Panic Mode

Anybody ever have this happen to them?  You walk into a social situation that you already know is going to be semi-awkward, and suddenly you realize that you left your ability to socialize, banter, and generally have a good time somewhere back in the car.

My lovely girlfriend invited me to be her date to an old friend’s wedding.  I didn’t know her, or her husband, or basically anyone else there, for that matter.  Normally, I think, that would be OK.  I spent a lot of time in high school learning how to make myself approachable and agreeable, how to carry on a conversation, how make myself well-liked, and so on.  But for some reason (I haven’t exactly figured it out yet), today I just lost all ability to socialize.  I was a nervous wreck.  I felt like I used to at middle school socials: awkwardly sitting on the side somewhere, trying my best to look past people’s eyes and pretend that everything was fine.

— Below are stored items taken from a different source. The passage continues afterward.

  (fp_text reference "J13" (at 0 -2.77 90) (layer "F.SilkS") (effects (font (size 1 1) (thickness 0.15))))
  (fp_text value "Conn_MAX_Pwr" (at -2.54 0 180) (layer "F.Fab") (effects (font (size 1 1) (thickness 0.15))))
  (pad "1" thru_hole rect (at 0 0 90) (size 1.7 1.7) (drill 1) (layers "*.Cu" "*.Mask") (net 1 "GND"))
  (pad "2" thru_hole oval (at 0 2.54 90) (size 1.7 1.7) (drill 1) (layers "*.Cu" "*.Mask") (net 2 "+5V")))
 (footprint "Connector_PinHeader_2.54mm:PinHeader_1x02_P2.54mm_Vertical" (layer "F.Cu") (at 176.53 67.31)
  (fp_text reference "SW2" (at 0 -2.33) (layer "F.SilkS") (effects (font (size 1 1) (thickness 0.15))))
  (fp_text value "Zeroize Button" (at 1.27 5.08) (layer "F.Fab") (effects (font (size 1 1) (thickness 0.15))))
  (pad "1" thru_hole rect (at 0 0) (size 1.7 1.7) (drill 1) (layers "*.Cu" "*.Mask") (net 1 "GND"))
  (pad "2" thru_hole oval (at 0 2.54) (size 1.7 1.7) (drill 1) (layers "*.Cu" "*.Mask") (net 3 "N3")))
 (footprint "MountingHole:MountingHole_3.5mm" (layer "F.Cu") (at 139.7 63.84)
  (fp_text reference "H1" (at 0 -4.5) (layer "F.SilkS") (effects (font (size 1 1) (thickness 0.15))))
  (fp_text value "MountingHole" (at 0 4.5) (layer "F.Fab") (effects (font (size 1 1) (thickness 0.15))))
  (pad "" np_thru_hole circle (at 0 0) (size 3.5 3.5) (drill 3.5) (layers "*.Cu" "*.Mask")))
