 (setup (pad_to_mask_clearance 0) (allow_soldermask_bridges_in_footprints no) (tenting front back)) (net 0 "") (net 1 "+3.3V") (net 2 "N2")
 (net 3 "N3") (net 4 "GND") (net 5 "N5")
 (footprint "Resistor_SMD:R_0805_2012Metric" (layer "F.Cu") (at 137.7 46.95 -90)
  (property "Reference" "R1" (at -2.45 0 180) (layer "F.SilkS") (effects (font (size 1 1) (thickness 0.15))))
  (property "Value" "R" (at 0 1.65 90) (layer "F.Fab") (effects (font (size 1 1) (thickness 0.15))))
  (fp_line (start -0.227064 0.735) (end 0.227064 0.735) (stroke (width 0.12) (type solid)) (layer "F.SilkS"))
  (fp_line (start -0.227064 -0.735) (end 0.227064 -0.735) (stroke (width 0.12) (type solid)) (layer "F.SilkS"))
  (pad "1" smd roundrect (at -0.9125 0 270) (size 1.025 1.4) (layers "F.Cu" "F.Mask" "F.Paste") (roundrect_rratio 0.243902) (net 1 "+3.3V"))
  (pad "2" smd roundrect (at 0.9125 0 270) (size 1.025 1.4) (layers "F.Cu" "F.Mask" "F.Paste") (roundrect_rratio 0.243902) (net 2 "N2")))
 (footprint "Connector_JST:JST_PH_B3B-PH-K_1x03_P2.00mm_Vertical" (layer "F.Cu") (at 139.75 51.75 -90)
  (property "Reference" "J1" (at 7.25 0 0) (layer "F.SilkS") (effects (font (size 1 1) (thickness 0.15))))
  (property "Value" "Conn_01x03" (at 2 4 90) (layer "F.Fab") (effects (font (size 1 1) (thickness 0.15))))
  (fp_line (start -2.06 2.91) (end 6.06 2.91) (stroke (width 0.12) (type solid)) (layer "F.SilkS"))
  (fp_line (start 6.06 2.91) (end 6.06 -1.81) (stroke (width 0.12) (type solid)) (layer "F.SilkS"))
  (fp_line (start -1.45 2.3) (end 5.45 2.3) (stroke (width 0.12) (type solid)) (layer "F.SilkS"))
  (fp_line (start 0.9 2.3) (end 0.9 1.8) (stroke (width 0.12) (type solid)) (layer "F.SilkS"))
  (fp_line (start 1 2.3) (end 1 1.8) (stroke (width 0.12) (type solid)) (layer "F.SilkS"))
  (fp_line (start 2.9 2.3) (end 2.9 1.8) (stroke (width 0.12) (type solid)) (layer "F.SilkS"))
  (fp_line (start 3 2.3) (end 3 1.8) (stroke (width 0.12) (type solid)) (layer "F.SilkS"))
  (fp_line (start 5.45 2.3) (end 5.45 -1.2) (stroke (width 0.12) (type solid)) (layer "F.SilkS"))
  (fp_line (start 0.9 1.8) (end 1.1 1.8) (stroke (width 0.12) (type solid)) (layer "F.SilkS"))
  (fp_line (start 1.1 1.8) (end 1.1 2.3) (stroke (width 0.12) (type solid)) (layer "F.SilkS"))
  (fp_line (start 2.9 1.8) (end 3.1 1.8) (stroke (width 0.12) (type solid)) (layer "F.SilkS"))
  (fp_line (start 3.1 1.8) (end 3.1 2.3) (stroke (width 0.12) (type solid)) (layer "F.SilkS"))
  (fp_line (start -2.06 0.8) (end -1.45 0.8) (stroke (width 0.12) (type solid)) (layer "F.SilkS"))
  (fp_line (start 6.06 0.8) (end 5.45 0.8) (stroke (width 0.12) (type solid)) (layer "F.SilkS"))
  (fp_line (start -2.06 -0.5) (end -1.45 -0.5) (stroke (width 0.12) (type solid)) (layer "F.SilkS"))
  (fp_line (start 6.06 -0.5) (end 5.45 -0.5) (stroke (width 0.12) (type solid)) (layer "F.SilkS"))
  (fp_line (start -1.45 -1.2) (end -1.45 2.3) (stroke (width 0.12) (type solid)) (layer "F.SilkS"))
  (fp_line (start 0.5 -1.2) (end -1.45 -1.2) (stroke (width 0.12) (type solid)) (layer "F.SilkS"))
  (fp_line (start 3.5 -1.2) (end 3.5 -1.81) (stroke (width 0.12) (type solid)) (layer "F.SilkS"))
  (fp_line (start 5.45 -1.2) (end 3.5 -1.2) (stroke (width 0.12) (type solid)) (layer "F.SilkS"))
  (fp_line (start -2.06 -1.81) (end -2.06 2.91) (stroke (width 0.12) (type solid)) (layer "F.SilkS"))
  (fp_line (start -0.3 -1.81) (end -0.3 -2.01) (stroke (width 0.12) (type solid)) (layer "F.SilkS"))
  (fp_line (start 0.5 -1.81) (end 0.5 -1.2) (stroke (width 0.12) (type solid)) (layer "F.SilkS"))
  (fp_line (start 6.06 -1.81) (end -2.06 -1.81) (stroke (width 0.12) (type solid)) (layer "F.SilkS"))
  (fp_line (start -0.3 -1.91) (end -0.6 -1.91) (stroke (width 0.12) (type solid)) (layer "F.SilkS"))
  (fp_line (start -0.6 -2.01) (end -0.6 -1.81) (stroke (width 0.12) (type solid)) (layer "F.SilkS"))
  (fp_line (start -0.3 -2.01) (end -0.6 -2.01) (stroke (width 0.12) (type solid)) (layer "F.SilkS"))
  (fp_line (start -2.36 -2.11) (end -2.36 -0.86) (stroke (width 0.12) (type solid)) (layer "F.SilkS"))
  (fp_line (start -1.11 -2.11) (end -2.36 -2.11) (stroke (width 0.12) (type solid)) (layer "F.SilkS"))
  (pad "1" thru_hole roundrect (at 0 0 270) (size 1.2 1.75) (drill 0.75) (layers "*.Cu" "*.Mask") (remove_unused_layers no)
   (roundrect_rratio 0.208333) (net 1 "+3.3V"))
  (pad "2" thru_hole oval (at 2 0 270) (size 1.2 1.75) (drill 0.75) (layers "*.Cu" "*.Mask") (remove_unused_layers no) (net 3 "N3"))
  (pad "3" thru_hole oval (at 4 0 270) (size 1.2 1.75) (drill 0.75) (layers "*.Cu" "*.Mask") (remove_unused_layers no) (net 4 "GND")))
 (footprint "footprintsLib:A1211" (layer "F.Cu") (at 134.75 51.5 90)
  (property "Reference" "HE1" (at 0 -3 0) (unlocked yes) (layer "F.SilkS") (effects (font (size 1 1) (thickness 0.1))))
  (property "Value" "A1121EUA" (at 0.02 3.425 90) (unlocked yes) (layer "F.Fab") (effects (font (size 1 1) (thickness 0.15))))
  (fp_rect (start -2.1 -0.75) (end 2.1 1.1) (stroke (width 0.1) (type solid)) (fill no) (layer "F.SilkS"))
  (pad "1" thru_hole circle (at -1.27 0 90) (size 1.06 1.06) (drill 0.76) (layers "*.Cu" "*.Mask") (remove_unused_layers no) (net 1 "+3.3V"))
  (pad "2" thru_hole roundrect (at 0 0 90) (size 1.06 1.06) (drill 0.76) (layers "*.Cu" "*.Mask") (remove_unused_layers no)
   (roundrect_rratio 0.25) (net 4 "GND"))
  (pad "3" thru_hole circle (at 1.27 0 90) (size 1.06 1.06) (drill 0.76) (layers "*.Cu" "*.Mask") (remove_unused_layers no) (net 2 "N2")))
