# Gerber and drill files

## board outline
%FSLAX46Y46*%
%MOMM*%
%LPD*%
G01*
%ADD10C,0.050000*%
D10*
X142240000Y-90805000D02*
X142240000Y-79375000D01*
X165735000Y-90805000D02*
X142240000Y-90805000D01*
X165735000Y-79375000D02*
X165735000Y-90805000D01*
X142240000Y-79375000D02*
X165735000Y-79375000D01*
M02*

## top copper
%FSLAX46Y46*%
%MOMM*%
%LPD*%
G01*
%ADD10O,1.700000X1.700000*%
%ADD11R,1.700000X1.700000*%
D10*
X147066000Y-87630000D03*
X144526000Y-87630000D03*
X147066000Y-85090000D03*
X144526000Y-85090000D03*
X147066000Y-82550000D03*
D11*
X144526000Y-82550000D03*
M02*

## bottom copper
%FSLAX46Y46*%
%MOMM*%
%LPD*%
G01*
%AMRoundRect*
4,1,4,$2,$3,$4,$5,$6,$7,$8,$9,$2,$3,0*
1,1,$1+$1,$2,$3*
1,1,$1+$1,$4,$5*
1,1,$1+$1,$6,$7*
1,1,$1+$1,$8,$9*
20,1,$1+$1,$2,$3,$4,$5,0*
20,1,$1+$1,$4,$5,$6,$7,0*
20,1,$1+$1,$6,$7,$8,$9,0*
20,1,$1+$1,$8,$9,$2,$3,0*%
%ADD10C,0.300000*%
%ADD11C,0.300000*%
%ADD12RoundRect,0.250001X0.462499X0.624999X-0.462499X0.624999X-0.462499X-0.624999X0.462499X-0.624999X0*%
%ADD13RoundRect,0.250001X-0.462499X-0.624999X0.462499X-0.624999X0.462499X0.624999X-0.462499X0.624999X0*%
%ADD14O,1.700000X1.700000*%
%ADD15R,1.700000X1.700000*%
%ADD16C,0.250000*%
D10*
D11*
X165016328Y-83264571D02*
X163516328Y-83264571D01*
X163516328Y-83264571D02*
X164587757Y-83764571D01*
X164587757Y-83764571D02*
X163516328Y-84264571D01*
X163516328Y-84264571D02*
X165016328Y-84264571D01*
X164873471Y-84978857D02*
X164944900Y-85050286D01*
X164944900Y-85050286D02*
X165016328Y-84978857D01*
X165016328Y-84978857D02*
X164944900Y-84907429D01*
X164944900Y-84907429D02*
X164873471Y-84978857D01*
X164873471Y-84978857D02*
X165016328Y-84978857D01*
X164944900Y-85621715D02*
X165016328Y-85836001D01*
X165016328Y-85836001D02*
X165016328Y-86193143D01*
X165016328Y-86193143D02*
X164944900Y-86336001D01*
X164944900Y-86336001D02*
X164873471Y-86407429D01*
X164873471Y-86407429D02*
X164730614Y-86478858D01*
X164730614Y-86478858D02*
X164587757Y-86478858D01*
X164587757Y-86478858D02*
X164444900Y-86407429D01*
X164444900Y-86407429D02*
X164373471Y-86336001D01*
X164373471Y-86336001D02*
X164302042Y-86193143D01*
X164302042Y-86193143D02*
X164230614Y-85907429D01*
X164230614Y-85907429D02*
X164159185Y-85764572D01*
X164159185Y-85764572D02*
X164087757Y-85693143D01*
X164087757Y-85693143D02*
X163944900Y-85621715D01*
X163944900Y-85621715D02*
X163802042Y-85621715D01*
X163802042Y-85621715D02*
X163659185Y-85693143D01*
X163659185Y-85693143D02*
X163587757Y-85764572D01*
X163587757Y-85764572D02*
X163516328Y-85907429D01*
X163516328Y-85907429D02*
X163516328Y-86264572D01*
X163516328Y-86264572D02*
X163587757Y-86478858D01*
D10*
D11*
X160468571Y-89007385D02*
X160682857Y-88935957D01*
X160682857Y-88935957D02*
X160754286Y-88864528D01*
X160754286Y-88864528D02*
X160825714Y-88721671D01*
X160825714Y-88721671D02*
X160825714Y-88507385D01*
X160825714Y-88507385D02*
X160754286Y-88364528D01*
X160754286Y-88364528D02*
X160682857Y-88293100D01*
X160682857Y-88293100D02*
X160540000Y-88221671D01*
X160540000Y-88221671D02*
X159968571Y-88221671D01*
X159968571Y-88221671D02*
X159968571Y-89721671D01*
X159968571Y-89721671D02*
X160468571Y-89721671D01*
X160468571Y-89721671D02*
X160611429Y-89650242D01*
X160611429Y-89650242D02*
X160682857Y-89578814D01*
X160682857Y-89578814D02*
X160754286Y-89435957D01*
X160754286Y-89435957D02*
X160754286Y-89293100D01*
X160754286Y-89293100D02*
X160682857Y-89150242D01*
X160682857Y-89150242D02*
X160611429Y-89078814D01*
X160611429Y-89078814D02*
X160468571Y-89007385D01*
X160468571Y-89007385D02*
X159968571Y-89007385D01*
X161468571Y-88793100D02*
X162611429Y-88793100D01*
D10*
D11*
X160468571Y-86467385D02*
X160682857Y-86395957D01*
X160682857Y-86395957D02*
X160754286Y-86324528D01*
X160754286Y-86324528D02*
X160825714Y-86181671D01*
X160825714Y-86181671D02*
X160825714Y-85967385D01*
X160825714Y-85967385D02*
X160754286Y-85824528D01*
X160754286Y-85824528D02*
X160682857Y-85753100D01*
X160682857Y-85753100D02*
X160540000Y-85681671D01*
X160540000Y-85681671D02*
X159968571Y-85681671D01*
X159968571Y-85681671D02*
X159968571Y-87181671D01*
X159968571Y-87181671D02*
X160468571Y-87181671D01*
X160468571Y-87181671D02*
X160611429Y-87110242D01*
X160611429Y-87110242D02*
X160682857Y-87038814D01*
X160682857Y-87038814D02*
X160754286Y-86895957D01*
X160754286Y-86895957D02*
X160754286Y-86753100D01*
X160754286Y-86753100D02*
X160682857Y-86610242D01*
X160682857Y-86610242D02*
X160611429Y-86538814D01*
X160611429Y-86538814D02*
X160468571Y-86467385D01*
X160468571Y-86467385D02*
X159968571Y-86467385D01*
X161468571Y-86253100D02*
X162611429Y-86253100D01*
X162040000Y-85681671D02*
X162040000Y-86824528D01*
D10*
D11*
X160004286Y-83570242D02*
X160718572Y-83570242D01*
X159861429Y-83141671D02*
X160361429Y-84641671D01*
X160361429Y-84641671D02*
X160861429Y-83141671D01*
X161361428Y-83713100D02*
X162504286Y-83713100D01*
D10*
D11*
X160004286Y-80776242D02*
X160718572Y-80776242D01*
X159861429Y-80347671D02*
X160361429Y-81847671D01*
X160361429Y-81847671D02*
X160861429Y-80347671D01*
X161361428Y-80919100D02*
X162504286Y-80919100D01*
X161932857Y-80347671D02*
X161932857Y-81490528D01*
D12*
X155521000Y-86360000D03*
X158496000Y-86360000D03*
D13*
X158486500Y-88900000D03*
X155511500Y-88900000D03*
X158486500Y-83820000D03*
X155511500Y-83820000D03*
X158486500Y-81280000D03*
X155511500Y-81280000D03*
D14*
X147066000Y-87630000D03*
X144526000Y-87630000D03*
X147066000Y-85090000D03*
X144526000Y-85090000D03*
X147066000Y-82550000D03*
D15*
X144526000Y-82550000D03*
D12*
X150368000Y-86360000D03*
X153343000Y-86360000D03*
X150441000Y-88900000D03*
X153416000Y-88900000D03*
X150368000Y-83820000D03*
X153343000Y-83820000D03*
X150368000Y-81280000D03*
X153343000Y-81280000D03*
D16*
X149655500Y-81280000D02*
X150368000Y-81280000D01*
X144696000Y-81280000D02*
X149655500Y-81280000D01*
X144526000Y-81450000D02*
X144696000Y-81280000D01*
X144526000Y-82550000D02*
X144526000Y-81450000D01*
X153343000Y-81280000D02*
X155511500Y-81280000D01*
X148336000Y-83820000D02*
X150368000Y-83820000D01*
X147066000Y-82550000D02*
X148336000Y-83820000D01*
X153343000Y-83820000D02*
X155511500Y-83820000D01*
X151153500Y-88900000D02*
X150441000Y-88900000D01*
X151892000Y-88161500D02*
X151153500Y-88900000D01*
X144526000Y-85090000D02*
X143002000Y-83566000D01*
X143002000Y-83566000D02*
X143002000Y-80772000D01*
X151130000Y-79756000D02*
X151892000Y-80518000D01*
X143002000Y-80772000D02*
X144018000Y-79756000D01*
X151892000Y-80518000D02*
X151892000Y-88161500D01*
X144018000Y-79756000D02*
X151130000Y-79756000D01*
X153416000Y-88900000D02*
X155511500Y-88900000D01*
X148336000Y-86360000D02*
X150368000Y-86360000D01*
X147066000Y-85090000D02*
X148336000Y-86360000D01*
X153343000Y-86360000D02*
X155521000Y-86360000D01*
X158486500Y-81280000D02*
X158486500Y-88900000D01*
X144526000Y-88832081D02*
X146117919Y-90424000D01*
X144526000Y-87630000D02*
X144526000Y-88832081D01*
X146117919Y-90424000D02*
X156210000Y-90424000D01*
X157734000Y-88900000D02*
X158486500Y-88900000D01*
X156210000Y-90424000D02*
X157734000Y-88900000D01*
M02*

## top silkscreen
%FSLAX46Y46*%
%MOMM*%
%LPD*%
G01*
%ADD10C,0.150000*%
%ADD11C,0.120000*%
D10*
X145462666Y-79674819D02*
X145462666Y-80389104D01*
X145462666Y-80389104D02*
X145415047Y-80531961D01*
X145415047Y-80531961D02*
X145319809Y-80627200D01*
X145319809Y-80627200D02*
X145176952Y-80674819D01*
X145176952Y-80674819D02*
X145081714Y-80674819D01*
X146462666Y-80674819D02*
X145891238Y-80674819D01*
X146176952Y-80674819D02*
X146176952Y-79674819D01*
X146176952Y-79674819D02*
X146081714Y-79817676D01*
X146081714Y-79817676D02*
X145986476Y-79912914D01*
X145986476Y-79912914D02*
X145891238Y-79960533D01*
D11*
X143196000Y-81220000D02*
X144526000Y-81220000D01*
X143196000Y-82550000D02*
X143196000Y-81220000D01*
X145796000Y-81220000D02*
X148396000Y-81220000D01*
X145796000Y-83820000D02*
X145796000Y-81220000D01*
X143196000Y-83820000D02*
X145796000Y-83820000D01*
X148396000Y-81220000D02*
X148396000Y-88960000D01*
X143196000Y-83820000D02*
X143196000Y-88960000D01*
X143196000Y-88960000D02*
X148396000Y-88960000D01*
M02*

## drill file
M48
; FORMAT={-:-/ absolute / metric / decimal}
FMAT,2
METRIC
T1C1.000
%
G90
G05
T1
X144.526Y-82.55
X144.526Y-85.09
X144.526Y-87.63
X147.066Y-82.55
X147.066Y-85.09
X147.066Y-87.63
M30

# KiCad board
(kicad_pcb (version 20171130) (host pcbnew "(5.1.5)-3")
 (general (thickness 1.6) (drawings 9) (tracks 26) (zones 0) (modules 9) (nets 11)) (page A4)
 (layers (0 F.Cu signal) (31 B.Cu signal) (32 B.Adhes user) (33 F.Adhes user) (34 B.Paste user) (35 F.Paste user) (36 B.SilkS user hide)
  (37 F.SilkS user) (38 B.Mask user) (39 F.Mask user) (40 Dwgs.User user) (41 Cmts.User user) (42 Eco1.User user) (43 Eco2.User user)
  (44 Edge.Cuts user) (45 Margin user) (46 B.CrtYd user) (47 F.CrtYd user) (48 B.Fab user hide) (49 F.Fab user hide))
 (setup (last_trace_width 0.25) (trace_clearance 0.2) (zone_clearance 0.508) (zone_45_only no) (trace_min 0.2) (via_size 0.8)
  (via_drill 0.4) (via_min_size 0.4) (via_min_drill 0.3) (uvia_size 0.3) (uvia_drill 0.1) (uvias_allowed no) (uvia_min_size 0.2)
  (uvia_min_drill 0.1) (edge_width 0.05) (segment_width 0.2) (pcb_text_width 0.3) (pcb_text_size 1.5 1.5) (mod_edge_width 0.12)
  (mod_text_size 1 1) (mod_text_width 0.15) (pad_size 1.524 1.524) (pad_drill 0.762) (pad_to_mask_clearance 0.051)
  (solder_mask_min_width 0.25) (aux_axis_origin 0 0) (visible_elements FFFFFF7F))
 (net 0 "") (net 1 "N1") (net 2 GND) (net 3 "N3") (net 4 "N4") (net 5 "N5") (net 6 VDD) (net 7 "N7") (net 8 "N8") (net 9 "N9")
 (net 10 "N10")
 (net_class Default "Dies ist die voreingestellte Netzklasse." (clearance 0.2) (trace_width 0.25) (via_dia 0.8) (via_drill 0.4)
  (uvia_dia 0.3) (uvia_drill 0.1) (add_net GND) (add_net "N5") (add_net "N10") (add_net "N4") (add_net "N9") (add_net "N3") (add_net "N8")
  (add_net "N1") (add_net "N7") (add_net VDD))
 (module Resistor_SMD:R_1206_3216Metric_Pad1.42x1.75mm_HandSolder (layer B.Cu) (at 157.0085 86.36 180)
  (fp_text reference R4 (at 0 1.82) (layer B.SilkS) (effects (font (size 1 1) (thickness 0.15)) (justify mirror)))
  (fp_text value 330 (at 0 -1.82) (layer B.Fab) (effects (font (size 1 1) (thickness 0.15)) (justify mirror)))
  (pad 2 smd roundrect (at 1.4875 0 180) (size 1.425 1.75) (layers B.Cu B.Paste B.Mask) (roundrect_rratio 0.175439) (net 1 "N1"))
  (pad 1 smd roundrect (at -1.4875 0 180) (size 1.425 1.75) (layers B.Cu B.Paste B.Mask) (roundrect_rratio 0.175439) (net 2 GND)))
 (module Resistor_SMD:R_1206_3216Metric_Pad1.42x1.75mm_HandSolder (layer B.Cu) (at 156.999 88.9)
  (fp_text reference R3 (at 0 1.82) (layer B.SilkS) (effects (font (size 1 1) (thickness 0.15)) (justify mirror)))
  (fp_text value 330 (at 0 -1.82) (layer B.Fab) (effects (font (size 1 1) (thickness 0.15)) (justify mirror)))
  (pad 2 smd roundrect (at 1.4875 0) (size 1.425 1.75) (layers B.Cu B.Paste B.Mask) (roundrect_rratio 0.175439) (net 2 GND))
  (pad 1 smd roundrect (at -1.4875 0) (size 1.425 1.75) (layers B.Cu B.Paste B.Mask) (roundrect_rratio 0.175439) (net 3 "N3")))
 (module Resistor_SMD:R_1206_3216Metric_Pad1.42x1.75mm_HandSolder (layer B.Cu) (at 156.999 83.82)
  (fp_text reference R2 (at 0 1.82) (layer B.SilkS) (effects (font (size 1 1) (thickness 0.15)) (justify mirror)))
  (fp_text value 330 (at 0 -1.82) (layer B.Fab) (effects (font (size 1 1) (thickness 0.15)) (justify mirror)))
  (pad 2 smd roundrect (at 1.4875 0) (size 1.425 1.75) (layers B.Cu B.Paste B.Mask) (roundrect_rratio 0.175439) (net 2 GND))
  (pad 1 smd roundrect (at -1.4875 0) (size 1.425 1.75) (layers B.Cu B.Paste B.Mask) (roundrect_rratio 0.175439) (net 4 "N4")))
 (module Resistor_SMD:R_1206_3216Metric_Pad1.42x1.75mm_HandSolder (layer B.Cu) (at 156.999 81.28)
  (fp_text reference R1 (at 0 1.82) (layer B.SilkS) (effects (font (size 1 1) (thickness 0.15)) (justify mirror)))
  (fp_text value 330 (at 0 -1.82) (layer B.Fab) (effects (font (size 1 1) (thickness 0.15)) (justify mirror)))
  (pad 2 smd roundrect (at 1.4875 0) (size 1.425 1.75) (layers B.Cu B.Paste B.Mask) (roundrect_rratio 0.175439) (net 2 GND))
  (pad 1 smd roundrect (at -1.4875 0) (size 1.425 1.75) (layers B.Cu B.Paste B.Mask) (roundrect_rratio 0.175439) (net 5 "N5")))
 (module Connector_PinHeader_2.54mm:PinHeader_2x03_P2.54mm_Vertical (layer F.Cu) (at 144.526 82.55)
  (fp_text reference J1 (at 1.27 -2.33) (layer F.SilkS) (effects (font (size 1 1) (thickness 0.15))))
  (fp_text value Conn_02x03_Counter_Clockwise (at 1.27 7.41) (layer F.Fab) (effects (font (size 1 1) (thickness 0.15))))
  (fp_line (start -1.33 -1.33) (end 0 -1.33) (layer F.SilkS) (width 0.12))
  (fp_line (start -1.33 0) (end -1.33 -1.33) (layer F.SilkS) (width 0.12))
  (fp_line (start 1.27 -1.33) (end 3.87 -1.33) (layer F.SilkS) (width 0.12))
  (fp_line (start 1.27 1.27) (end 1.27 -1.33) (layer F.SilkS) (width 0.12))
  (fp_line (start -1.33 1.27) (end 1.27 1.27) (layer F.SilkS) (width 0.12))
  (fp_line (start 3.87 -1.33) (end 3.87 6.41) (layer F.SilkS) (width 0.12))
  (fp_line (start -1.33 1.27) (end -1.33 6.41) (layer F.SilkS) (width 0.12))
  (fp_line (start -1.33 6.41) (end 3.87 6.41) (layer F.SilkS) (width 0.12))
  (pad 6 thru_hole oval (at 2.54 5.08) (size 1.7 1.7) (drill 1) (layers *.Cu *.Mask) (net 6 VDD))
  (pad 5 thru_hole oval (at 0 5.08) (size 1.7 1.7) (drill 1) (layers *.Cu *.Mask) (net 2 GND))
  (pad 4 thru_hole oval (at 2.54 2.54) (size 1.7 1.7) (drill 1) (layers *.Cu *.Mask) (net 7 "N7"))
  (pad 3 thru_hole oval (at 0 2.54) (size 1.7 1.7) (drill 1) (layers *.Cu *.Mask) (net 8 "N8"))
  (pad 2 thru_hole oval (at 2.54 0) (size 1.7 1.7) (drill 1) (layers *.Cu *.Mask) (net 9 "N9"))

I think I “had to go to the bathroom” like three times, for about ten minutes each, but it had nothing to do with my bowels and everything to do with my desperate, all-consuming need to be alone.

They make a pill for this, right?

I’ve never done well in these types of situations, but it’s been a while since I’ve had to be in one.  I got off lucky, too: the reception was mercifully short.  But it’s embarrassing to find myself incapacitated like that (I felt worse for my date, but she didn’t seem to mind too much).  New social situations exhaust me literally within a minute.

I got home, popped up Pandora, read some political blogs and felt worlds better in about a half hour; “Transatlanticism” restoreth my soul.

Oof.  What a rough day.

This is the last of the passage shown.